§ **TASK OBJECTIVE**: In the entries below, find the line with "(at 34.75 36.75)" and the line with "(at 70.2725 60.4)". Reproduce those two lines and every line between them exactly, and nothing more.

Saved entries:
Start of Block

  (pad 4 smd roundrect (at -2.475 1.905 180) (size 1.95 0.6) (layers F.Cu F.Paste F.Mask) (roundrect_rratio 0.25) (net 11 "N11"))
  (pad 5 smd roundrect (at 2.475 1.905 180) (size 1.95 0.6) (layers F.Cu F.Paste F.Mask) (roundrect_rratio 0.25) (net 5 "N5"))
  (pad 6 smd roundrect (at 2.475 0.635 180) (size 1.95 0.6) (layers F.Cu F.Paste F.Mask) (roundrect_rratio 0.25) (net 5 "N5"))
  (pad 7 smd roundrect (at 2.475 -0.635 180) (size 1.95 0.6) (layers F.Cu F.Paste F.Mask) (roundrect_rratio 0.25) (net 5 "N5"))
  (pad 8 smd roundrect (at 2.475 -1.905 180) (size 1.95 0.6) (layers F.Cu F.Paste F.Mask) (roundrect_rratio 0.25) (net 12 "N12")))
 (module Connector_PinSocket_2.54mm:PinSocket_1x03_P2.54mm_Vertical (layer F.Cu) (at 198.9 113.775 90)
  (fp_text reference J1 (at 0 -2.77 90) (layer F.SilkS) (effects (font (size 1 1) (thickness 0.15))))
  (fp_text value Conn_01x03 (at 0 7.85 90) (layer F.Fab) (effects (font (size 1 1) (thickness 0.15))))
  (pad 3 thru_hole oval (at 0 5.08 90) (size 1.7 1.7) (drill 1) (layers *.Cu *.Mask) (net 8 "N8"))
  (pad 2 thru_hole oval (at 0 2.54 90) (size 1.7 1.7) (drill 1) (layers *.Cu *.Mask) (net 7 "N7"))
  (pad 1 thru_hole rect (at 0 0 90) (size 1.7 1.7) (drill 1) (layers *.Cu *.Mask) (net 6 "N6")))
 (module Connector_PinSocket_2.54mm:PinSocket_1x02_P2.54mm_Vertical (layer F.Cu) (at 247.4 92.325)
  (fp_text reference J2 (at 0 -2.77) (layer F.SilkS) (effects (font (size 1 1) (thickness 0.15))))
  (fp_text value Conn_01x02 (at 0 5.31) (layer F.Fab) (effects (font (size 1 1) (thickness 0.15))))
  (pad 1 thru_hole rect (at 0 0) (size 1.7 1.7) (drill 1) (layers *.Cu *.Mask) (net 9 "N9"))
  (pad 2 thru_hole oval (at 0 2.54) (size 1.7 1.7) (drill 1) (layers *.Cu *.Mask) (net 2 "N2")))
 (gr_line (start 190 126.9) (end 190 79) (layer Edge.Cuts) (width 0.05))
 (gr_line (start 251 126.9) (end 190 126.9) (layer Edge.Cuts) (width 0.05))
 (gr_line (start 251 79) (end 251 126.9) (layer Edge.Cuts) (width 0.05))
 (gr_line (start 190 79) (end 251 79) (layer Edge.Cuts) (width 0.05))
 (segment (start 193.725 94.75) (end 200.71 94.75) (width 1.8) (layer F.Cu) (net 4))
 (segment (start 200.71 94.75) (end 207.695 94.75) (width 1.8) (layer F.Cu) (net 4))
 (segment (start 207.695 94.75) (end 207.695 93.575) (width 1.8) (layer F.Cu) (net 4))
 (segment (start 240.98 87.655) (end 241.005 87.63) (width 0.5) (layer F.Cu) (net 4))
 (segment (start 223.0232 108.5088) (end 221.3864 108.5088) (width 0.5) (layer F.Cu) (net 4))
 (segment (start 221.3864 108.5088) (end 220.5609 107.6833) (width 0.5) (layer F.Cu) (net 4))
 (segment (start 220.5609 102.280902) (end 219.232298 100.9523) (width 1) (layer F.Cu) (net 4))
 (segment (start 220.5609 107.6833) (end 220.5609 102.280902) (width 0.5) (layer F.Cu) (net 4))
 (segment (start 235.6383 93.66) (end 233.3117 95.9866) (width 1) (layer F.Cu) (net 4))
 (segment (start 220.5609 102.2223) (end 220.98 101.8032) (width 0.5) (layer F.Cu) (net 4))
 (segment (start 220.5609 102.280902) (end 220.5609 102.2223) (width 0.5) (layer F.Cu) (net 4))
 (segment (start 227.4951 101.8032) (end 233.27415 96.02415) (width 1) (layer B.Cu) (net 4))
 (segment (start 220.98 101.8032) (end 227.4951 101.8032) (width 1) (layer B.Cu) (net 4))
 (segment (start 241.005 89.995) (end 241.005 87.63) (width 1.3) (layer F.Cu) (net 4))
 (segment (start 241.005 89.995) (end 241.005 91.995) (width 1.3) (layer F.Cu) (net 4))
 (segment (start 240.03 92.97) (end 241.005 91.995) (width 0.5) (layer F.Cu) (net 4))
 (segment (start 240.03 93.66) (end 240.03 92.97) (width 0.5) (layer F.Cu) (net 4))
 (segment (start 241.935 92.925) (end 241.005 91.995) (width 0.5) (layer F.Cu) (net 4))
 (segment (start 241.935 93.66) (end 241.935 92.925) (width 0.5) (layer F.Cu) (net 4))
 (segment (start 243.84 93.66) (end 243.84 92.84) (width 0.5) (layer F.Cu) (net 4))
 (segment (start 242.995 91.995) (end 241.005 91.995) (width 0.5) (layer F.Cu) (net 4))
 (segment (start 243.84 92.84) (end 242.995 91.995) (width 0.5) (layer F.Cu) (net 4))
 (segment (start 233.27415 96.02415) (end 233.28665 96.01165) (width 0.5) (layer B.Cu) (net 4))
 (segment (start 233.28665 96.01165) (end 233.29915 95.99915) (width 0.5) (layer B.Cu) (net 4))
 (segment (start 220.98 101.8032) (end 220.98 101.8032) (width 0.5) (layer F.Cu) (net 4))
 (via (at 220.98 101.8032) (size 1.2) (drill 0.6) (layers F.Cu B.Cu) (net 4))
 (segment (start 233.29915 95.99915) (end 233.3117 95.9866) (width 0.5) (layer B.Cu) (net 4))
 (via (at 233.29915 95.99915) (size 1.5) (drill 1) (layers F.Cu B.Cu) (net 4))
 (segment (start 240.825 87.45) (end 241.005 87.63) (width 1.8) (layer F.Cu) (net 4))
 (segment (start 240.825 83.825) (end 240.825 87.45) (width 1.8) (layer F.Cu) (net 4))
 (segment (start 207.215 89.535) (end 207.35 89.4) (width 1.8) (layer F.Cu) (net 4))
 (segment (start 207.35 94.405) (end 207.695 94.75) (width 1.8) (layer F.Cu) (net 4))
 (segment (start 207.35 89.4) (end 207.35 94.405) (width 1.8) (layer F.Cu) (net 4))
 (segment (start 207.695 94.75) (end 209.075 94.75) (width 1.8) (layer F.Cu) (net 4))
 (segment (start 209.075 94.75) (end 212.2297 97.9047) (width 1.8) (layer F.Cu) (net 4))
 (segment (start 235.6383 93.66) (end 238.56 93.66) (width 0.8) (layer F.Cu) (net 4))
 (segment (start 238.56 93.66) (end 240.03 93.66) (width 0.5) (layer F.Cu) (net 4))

End of Block
Start of Block

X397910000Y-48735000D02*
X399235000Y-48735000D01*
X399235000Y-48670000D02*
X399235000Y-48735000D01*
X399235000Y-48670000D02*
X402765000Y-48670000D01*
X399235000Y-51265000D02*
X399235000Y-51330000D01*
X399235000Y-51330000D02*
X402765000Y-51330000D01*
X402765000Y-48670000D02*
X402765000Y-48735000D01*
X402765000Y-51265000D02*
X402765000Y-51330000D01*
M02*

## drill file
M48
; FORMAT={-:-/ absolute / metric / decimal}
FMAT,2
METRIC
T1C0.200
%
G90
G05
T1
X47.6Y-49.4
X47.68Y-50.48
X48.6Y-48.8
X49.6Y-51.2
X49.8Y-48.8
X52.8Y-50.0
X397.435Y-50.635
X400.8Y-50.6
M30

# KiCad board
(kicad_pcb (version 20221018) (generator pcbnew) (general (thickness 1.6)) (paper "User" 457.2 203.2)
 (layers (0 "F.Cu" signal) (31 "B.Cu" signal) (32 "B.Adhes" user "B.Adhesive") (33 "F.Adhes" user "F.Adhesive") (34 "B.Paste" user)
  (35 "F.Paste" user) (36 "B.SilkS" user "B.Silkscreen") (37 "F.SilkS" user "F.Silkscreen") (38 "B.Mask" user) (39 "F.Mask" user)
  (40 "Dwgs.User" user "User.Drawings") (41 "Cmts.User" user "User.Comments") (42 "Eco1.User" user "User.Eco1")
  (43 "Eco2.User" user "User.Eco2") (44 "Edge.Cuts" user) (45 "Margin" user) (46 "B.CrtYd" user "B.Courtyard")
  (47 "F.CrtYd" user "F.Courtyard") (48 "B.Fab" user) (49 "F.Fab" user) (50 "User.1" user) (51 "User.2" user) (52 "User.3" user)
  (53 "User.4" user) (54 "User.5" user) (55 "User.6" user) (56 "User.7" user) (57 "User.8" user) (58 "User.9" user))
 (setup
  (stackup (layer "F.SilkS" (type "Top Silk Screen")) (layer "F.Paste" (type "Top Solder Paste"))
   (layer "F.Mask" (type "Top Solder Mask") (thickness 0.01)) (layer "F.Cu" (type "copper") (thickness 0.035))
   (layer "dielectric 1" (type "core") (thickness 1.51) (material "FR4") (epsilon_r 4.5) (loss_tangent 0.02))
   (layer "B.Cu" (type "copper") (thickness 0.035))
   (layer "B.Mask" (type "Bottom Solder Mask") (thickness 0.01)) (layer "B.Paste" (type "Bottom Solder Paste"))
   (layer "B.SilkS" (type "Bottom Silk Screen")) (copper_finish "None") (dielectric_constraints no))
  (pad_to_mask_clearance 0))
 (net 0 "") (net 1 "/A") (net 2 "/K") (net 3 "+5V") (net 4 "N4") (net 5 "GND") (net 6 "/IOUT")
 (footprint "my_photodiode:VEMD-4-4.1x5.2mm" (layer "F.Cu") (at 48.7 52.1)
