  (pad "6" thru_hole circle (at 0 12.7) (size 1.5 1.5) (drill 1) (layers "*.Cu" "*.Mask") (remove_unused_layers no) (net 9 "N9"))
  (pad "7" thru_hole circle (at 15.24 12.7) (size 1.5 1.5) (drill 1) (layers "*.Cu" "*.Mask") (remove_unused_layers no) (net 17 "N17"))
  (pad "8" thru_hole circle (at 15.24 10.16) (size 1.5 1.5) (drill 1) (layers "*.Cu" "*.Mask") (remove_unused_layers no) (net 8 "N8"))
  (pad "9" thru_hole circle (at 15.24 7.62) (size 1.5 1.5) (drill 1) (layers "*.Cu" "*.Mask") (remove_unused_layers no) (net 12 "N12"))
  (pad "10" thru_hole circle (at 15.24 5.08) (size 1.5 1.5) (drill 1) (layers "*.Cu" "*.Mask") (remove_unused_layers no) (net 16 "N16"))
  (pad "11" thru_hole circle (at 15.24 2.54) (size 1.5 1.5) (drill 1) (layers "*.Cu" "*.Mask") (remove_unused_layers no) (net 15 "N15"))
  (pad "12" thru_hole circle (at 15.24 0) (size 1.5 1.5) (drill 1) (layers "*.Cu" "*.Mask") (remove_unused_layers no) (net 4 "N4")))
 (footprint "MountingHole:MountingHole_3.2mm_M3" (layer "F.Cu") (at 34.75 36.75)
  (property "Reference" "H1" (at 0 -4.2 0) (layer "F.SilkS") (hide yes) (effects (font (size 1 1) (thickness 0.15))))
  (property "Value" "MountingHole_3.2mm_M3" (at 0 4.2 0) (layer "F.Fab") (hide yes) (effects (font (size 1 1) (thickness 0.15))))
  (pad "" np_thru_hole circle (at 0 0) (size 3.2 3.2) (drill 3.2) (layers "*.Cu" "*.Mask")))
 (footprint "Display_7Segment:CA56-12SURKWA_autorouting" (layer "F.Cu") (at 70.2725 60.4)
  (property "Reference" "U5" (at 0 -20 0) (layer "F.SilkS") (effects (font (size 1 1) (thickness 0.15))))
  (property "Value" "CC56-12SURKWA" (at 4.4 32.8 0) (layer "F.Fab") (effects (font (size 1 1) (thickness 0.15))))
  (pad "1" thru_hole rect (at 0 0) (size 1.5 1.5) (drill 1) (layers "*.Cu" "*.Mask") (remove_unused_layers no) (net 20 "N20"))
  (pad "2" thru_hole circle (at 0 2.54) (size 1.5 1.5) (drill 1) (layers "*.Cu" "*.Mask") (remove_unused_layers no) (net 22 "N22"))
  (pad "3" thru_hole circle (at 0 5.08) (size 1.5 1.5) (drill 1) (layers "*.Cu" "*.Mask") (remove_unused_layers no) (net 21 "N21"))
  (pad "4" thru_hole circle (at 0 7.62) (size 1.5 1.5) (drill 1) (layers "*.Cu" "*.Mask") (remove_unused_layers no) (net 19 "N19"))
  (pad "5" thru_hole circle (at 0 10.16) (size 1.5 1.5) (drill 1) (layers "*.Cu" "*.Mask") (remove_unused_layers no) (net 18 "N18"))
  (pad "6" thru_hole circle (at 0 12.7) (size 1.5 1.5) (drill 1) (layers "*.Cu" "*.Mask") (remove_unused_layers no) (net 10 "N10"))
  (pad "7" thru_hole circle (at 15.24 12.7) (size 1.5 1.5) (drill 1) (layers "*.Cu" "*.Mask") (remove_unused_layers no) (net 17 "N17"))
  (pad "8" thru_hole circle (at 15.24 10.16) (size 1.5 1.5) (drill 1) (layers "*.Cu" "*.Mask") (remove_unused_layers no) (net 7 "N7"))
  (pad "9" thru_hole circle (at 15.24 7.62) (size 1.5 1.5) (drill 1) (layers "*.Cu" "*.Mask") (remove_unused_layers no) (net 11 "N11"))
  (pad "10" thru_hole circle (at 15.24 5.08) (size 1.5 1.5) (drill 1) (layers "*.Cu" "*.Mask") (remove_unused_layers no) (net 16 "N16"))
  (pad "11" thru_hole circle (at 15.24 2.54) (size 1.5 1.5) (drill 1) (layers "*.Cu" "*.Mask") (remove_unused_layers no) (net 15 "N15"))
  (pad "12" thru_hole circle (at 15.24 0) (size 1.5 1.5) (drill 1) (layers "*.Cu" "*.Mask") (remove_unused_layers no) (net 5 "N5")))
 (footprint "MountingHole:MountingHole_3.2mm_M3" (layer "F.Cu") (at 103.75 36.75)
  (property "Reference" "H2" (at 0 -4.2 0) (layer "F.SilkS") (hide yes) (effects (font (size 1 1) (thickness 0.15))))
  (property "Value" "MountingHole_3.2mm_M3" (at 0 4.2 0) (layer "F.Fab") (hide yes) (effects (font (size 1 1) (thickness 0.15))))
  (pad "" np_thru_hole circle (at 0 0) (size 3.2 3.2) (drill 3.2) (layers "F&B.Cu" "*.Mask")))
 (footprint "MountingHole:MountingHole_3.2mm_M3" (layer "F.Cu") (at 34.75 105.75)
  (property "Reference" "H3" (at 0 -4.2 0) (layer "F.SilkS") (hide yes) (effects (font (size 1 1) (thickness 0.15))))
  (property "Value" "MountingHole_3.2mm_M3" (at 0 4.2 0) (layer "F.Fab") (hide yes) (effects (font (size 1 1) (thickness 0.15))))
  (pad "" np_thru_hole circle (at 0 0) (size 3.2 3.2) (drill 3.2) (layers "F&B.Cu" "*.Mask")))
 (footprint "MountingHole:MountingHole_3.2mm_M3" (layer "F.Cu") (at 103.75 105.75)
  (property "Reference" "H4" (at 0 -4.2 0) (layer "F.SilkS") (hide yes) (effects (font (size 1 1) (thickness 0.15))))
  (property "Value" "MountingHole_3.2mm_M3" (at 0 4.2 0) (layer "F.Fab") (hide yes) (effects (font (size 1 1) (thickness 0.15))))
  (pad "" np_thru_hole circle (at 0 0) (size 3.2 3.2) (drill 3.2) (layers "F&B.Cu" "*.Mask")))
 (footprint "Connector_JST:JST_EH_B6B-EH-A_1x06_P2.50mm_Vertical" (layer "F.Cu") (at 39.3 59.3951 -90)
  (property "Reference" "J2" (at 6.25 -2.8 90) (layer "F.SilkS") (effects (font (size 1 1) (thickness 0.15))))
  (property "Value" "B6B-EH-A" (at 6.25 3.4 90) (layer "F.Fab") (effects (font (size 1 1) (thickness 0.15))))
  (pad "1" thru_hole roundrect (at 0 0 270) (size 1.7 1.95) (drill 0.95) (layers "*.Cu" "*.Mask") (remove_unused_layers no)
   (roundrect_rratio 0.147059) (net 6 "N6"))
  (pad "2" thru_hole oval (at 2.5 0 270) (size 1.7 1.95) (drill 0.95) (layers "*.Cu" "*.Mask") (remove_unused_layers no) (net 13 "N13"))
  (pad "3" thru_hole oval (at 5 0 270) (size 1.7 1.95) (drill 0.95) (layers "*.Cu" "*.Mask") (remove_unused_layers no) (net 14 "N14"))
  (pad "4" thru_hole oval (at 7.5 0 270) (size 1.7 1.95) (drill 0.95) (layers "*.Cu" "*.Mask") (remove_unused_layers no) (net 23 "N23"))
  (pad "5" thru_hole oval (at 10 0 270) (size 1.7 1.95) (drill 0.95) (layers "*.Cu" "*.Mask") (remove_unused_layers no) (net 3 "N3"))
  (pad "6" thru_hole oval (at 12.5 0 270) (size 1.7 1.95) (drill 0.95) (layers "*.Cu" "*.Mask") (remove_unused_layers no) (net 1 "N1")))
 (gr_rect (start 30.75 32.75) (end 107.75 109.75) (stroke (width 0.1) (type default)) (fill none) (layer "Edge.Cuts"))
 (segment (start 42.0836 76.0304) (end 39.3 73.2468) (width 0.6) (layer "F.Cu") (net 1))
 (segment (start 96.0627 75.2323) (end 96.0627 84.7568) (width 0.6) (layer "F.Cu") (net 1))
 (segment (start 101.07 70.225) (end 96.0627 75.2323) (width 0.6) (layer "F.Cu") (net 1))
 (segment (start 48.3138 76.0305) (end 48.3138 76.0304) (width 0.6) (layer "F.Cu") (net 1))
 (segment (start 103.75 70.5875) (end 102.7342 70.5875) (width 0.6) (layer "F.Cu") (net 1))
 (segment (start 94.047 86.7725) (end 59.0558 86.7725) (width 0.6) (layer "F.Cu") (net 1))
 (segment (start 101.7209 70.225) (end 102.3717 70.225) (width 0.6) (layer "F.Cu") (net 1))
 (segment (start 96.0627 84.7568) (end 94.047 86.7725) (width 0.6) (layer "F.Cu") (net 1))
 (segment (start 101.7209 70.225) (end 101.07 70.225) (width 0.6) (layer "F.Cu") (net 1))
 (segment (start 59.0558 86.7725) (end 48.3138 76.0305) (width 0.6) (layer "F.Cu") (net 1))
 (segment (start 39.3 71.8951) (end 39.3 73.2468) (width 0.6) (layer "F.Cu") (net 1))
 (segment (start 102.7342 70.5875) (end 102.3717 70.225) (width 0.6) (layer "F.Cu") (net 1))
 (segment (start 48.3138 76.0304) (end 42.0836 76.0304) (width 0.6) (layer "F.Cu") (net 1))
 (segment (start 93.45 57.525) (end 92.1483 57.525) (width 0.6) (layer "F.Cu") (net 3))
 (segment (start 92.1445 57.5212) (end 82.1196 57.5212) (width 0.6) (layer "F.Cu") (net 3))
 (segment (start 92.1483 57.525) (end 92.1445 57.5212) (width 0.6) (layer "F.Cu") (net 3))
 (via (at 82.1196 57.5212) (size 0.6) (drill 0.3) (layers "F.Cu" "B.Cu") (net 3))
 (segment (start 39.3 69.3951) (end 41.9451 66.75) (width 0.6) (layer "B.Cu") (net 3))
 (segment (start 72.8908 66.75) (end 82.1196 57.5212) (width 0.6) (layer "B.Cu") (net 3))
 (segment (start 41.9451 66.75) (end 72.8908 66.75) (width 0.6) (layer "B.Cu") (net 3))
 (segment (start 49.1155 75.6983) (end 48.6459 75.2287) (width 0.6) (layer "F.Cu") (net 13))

End of Block

§ **ANSWER SECTION**:
 (footprint "MountingHole:MountingHole_3.2mm_M3" (layer "F.Cu") (at 34.75 36.75)
  (property "Reference" "H1" (at 0 -4.2 0) (layer "F.SilkS") (hide yes) (effects (font (size 1 1) (thickness 0.15))))
  (property "Value" "MountingHole_3.2mm_M3" (at 0 4.2 0) (layer "F.Fab") (hide yes) (effects (font (size 1 1) (thickness 0.15))))
  (pad "" np_thru_hole circle (at 0 0) (size 3.2 3.2) (drill 3.2) (layers "*.Cu" "*.Mask")))
 (footprint "Display_7Segment:CA56-12SURKWA_autorouting" (layer "F.Cu") (at 70.2725 60.4)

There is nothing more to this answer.